Input for this task>
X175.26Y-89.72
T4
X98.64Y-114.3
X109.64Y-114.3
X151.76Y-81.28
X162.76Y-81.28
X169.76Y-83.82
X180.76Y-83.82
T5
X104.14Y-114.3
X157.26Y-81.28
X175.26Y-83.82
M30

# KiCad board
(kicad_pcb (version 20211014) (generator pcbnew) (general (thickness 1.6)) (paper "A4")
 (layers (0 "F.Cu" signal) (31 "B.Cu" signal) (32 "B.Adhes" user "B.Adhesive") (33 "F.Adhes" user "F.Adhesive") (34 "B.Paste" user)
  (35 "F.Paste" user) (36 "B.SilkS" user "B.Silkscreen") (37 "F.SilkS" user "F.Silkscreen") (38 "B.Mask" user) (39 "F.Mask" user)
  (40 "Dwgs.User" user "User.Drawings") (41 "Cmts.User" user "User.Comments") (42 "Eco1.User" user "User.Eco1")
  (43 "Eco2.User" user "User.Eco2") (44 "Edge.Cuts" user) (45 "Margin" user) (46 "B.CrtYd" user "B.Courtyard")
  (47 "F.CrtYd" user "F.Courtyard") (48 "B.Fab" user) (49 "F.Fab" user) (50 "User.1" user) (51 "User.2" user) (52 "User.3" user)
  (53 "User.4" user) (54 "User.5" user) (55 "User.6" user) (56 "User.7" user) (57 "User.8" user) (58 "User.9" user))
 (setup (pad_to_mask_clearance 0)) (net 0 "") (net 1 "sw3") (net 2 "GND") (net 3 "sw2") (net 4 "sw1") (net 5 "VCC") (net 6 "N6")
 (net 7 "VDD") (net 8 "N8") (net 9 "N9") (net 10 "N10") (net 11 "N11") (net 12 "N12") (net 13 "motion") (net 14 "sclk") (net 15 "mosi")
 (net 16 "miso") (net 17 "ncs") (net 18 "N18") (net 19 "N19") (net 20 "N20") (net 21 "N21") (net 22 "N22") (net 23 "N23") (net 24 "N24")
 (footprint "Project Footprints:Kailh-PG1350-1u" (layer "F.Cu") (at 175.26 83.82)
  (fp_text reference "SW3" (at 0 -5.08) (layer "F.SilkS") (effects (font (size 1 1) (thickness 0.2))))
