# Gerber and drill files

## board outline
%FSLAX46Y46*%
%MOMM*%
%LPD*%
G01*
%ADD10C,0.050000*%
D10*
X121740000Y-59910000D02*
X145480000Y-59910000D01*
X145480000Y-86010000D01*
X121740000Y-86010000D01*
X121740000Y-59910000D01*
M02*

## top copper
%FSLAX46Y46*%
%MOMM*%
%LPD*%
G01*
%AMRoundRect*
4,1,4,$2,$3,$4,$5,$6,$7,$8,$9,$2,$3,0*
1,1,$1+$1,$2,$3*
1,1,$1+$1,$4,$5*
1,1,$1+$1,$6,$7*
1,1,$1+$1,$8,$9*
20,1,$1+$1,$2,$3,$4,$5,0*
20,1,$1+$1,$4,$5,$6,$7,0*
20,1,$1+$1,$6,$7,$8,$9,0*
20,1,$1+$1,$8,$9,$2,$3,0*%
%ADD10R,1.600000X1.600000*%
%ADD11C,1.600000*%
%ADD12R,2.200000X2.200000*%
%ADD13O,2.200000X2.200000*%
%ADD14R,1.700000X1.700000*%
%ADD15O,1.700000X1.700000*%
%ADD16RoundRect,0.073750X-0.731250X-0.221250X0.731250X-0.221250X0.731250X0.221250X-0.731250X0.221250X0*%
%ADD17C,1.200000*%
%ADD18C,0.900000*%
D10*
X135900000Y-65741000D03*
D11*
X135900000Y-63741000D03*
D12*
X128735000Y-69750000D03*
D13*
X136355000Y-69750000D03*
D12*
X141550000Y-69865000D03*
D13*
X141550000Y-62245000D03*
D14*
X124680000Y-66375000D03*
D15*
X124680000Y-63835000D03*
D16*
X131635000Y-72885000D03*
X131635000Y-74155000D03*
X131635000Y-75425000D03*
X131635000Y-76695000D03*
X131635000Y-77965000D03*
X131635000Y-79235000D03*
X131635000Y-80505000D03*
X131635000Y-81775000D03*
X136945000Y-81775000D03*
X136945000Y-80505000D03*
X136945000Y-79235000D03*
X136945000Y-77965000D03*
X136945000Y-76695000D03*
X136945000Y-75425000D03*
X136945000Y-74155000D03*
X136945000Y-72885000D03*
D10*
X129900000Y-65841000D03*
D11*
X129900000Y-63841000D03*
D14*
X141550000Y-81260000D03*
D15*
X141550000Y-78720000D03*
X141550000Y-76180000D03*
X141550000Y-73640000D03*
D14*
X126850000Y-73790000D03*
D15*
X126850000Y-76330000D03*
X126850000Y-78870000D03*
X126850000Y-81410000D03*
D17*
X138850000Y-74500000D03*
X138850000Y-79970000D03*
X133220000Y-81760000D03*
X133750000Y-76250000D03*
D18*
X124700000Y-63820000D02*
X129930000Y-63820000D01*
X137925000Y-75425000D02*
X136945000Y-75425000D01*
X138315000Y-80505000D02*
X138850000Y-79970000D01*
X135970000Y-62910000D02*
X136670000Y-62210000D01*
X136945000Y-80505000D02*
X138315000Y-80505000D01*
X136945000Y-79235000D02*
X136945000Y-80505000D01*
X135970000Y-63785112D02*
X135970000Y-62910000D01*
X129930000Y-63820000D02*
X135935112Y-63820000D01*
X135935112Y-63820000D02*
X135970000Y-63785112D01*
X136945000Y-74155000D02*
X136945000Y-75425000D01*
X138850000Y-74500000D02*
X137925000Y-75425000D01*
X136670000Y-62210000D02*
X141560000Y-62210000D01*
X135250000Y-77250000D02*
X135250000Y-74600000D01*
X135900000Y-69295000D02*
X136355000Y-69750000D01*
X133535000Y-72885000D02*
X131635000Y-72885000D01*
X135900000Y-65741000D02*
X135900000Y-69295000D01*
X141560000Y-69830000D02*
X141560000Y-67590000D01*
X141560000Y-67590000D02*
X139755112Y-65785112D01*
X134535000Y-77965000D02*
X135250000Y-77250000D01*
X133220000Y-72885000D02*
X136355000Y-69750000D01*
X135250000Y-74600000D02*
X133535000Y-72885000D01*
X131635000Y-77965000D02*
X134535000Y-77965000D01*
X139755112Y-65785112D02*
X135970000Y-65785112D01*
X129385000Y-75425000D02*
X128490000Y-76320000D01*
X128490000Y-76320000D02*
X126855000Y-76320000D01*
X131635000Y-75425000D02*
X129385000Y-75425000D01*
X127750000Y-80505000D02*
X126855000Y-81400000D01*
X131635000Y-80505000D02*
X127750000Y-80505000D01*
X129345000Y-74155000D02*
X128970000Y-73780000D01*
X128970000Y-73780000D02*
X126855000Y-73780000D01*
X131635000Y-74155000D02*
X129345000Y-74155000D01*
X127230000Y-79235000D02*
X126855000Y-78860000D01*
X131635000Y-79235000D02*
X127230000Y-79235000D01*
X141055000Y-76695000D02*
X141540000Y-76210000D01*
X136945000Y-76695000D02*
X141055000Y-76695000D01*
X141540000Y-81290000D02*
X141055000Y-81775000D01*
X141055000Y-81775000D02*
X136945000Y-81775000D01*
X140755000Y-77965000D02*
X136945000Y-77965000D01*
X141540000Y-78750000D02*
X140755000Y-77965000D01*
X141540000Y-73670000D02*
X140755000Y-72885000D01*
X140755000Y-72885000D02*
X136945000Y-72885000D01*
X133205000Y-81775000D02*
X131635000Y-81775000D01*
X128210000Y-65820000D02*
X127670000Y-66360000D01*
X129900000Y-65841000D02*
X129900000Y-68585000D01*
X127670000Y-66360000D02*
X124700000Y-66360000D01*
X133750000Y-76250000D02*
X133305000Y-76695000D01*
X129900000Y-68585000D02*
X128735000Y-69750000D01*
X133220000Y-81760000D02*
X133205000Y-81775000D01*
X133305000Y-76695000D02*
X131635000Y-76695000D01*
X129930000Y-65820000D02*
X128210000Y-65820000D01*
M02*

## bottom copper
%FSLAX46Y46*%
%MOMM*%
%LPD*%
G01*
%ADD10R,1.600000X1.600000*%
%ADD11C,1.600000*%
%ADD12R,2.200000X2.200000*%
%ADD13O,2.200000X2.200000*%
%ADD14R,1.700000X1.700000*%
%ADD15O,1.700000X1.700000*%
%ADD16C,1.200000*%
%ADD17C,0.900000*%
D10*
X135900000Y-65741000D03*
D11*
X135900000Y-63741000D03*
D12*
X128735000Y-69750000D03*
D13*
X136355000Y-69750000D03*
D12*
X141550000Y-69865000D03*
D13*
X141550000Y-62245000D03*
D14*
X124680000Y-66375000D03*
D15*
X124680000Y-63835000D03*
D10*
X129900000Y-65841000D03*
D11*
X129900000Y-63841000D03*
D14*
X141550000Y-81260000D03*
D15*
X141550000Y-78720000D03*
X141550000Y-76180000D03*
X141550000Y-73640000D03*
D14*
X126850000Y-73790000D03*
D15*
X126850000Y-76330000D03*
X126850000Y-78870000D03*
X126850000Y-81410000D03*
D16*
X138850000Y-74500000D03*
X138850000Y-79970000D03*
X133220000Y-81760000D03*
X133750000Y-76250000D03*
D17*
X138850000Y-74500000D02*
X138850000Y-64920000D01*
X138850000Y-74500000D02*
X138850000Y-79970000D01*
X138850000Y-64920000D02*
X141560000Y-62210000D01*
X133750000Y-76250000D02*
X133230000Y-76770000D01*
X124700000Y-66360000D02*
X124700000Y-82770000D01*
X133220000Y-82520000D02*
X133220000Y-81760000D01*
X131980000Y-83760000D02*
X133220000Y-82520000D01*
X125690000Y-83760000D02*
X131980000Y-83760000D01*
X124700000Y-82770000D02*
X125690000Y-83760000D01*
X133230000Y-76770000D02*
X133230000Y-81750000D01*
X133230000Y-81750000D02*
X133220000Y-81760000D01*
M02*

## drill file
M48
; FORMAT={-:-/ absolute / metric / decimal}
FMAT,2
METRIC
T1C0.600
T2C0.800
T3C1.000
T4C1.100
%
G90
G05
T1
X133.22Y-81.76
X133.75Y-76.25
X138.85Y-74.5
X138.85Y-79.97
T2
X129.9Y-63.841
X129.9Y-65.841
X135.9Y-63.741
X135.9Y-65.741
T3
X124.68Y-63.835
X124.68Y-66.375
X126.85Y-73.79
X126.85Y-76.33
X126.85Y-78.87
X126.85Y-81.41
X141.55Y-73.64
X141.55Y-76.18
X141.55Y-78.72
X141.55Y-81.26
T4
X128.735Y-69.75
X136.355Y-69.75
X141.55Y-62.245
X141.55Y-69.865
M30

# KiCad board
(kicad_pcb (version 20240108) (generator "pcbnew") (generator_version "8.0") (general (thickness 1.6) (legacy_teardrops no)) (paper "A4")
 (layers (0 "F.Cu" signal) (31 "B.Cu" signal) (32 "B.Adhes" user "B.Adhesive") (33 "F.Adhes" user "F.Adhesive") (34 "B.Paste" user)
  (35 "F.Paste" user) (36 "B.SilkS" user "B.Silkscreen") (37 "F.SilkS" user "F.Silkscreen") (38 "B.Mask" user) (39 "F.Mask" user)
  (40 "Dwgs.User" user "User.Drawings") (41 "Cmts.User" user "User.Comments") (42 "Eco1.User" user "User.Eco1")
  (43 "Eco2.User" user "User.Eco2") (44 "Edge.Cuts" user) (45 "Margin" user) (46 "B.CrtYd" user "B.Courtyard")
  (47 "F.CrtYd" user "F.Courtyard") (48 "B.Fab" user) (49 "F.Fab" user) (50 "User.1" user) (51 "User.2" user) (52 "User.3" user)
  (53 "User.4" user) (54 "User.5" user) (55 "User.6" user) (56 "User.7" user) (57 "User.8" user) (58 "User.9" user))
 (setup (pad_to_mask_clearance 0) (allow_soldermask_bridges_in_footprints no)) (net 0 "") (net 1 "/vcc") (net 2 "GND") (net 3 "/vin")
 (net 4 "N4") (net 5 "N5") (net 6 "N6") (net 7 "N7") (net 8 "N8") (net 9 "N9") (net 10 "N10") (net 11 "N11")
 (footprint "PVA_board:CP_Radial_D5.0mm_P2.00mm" (layer "F.Cu") (at 135.9 64.7 90)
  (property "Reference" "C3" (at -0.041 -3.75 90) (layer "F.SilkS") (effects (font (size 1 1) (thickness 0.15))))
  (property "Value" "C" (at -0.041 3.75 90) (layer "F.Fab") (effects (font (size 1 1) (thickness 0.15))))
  (pad "1" thru_hole rect (at -1.041 0 90) (size 1.6 1.6) (drill 0.8) (layers "*.Cu" "*.Mask") (remove_unused_layers no) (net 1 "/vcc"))
  (pad "2" thru_hole circle (at 0.959 0 90) (size 1.6 1.6) (drill 0.8) (layers "*.Cu" "*.Mask") (remove_unused_layers no) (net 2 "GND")))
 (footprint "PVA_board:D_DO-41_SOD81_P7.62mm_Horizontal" (layer "F.Cu") (at 132.5 69.75)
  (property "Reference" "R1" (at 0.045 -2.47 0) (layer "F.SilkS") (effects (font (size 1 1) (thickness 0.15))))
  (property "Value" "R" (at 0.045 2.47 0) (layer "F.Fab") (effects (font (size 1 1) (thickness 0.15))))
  (pad "1" thru_hole rect (at -3.765 0) (size 2.2 2.2) (drill 1.1) (layers "*.Cu" "*.Mask") (remove_unused_layers no) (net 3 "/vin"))
  (pad "2" thru_hole oval (at 3.855 0) (size 2.2 2.2) (drill 1.1) (layers "*.Cu" "*.Mask") (remove_unused_layers no) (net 1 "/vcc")))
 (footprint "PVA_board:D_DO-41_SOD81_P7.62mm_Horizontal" (layer "F.Cu") (at 141.55 66.1 90)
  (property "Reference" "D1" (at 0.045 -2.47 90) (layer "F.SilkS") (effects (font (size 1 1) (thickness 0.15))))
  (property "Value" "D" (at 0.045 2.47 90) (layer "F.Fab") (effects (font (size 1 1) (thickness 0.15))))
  (pad "1" thru_hole rect (at -3.765 0 90) (size 2.2 2.2) (drill 1.1) (layers "*.Cu" "*.Mask") (remove_unused_layers no) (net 1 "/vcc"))
  (pad "2" thru_hole oval (at 3.855 0 90) (size 2.2 2.2) (drill 1.1) (layers "*.Cu" "*.Mask") (remove_unused_layers no) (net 2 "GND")))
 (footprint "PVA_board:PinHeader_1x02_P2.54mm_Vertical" (layer "F.Cu") (at 124.6 65.055 180)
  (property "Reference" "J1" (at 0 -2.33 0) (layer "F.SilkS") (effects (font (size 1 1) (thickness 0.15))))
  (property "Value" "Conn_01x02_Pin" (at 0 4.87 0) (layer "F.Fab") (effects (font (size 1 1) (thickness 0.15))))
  (pad "1" thru_hole rect (at -0.08 -1.32 180) (size 1.7 1.7) (drill 1) (layers "*.Cu" "*.Mask") (remove_unused_layers no) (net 3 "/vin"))
  (pad "2" thru_hole oval (at -0.08 1.22 180) (size 1.7 1.7) (drill 1) (layers "*.Cu" "*.Mask") (remove_unused_layers no) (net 2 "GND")))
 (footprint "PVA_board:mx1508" (layer "F.Cu") (at 134.29 77.33)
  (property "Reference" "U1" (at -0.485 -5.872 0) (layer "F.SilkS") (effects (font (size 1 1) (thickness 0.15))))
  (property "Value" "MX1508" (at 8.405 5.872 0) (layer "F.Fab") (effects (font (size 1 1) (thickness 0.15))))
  (pad "1" smd roundrect (at -2.655 -4.445) (size 1.61 0.59) (layers "F.Cu" "F.Paste" "F.Mask") (roundrect_rratio 0.125) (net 1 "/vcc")
   (solder_mask_margin 0.102))
  (pad "2" smd roundrect (at -2.655 -3.175) (size 1.61 0.59) (layers "F.Cu" "F.Paste" "F.Mask") (roundrect_rratio 0.125) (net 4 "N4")
   (solder_mask_margin 0.102))
  (pad "3" smd roundrect (at -2.655 -1.905) (size 1.61 0.59) (layers "F.Cu" "F.Paste" "F.Mask") (roundrect_rratio 0.125) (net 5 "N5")
   (solder_mask_margin 0.102))
  (pad "4" smd roundrect (at -2.655 -0.635) (size 1.61 0.59) (layers "F.Cu" "F.Paste" "F.Mask") (roundrect_rratio 0.125) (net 3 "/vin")
   (solder_mask_margin 0.102))
  (pad "5" smd roundrect (at -2.655 0.635) (size 1.61 0.59) (layers "F.Cu" "F.Paste" "F.Mask") (roundrect_rratio 0.125) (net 1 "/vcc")
   (solder_mask_margin 0.102))
  (pad "6" smd roundrect (at -2.655 1.905) (size 1.61 0.59) (layers "F.Cu" "F.Paste" "F.Mask") (roundrect_rratio 0.125) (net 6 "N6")
   (solder_mask_margin 0.102))
  (pad "7" smd roundrect (at -2.655 3.175) (size 1.61 0.59) (layers "F.Cu" "F.Paste" "F.Mask") (roundrect_rratio 0.125) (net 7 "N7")
   (solder_mask_margin 0.102))
  (pad "8" smd roundrect (at -2.655 4.445) (size 1.61 0.59) (layers "F.Cu" "F.Paste" "F.Mask") (roundrect_rratio 0.125) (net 3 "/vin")
   (solder_mask_margin 0.102))
  (pad "9" smd roundrect (at 2.655 4.445) (size 1.61 0.59) (layers "F.Cu" "F.Paste" "F.Mask") (roundrect_rratio 0.125) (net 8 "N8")
   (solder_mask_margin 0.102))
  (pad "10" smd roundrect (at 2.655 3.175) (size 1.61 0.59) (layers "F.Cu" "F.Paste" "F.Mask") (roundrect_rratio 0.125) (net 2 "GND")
   (solder_mask_margin 0.102))
  (pad "11" smd roundrect (at 2.655 1.905) (size 1.61 0.59) (layers "F.Cu" "F.Paste" "F.Mask") (roundrect_rratio 0.125) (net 2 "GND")
   (solder_mask_margin 0.102))
  (pad "12" smd roundrect (at 2.655 0.635) (size 1.61 0.59) (layers "F.Cu" "F.Paste" "F.Mask") (roundrect_rratio 0.125) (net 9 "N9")
   (solder_mask_margin 0.102))
  (pad "13" smd roundrect (at 2.655 -0.635) (size 1.61 0.59) (layers "F.Cu" "F.Paste" "F.Mask") (roundrect_rratio 0.125) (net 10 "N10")
   (solder_mask_margin 0.102))
  (pad "14" smd roundrect (at 2.655 -1.905) (size 1.61 0.59) (layers "F.Cu" "F.Paste" "F.Mask") (roundrect_rratio 0.125) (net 2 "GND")
   (solder_mask_margin 0.102))
  (pad "15" smd roundrect (at 2.655 -3.175) (size 1.61 0.59) (layers "F.Cu" "F.Paste" "F.Mask") (roundrect_rratio 0.125) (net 2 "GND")
   (solder_mask_margin 0.102))
  (pad "16" smd roundrect (at 2.655 -4.445) (size 1.61 0.59) (layers "F.Cu" "F.Paste" "F.Mask") (roundrect_rratio 0.125) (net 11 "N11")
   (solder_mask_margin 0.102)))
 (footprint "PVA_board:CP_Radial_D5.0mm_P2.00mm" (layer "F.Cu") (at 129.9 64.8 90)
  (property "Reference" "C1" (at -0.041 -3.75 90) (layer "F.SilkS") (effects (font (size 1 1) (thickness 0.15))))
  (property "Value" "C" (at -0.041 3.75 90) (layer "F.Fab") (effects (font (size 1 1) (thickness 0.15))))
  (pad "1" thru_hole rect (at -1.041 0 90) (size 1.6 1.6) (drill 0.8) (layers "*.Cu" "*.Mask") (remove_unused_layers no) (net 3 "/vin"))
  (pad "2" thru_hole circle (at 0.959 0 90) (size 1.6 1.6) (drill 0.8) (layers "*.Cu" "*.Mask") (remove_unused_layers no) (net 2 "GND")))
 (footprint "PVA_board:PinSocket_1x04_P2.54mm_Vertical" (layer "F.Cu") (at 141.55 77.4 180)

Required action>
When a line in the material above contains the word "general", copy that line out.

Problem solution>
(kicad_pcb (version 20211014) (generator pcbnew) (general (thickness 1.6)) (paper "A4")
(kicad_pcb (version 20240108) (generator "pcbnew") (generator_version "8.0") (general (thickness 1.6) (legacy_teardrops no)) (paper "A4")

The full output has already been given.